# Apple DVD Player 1.3 anyone have it?



## cardrobot (Mar 13, 2006)

Hello fellow mac users!
I badly need Apple DVD Player 1.3, and I can't find it anywhere. I know it was released on the 9.0.4 system cd, but I can't find that (it's been ages since I installed classic).

This is for my beige g3 which I am trying to get to play my new dvd!
If anyone knows where I can download it or if you can email it to me let me know!

BTW: I already spent well over an hour going through apples support and download section trying to find this old application to no avail. =(

If you happend to find the link, TIA!


----------



## macosxuser (Mar 13, 2006)

Apple DVD Player 1.3 is included with OS9.2.2 but I do know how to get Apple DVD Player 1.2 which is basically the same thing.

Download the MacOS 8.6 update 

http://download.info.apple.com/Appl...m/Mac_OS_8.6_Update/Mac_OS_8.6_Update.smi.bin

Download tomeviewer

http://www.macupdate.com/info.php/id/15295

Then mount the 8.6 update and use tomeviewer to open the system tome file. 

Then Extract "Apple DVD Player" "DVD Navigation Manager" "DVDRuntimeLib" "DVD Region Manager" "DVD Decoder Library" "DVD PC Card Enabler".

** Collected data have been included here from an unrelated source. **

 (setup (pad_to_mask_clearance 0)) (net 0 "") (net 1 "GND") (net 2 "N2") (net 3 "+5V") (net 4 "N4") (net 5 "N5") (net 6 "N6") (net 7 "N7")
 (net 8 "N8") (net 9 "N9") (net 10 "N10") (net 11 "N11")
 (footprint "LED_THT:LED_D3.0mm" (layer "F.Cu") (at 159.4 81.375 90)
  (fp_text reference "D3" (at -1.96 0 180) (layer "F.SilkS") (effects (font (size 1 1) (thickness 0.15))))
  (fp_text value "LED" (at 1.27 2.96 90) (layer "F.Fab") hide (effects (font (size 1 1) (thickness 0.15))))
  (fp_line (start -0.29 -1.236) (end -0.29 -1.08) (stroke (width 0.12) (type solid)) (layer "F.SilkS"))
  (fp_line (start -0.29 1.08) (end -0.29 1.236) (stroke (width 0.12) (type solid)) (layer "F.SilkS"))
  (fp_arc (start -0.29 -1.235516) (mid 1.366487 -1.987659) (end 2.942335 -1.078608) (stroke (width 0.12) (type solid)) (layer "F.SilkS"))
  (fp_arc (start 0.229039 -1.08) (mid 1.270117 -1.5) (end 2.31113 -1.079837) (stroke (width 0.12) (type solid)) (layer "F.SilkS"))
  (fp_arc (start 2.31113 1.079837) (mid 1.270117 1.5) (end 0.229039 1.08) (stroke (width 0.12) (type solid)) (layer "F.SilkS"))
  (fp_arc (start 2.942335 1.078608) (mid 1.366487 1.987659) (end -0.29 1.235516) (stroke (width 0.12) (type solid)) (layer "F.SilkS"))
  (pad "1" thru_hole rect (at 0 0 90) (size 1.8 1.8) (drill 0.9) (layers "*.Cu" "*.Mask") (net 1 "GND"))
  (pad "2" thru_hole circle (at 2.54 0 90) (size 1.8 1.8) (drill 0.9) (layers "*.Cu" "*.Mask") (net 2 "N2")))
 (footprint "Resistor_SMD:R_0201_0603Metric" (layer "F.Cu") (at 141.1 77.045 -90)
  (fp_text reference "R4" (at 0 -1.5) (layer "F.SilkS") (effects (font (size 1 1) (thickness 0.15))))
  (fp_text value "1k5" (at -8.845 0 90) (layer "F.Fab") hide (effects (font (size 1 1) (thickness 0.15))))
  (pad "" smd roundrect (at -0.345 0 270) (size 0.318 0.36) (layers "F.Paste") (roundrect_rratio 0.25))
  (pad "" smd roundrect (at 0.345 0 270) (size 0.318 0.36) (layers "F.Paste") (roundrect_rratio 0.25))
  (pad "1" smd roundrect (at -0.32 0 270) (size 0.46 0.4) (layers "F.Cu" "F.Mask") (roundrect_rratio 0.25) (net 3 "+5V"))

Keep  "Apple DVD Player" "DVD Navigation Manager" and "DVDRuntimeLib" in the same folder and drag  "DVD Region Manager" "DVD Decoder Library" "DVD PC Card Enabler" to the system extensions folder and restart.


----------



## macosxuser (Apr 15, 2006)

I've also found out that the Apple DVD Player 1.3 is in the MacOS 9.1 update.


----------



## adambyte (Apr 15, 2006)

Simply use the 9.1 update CD to do a "custom install"


----------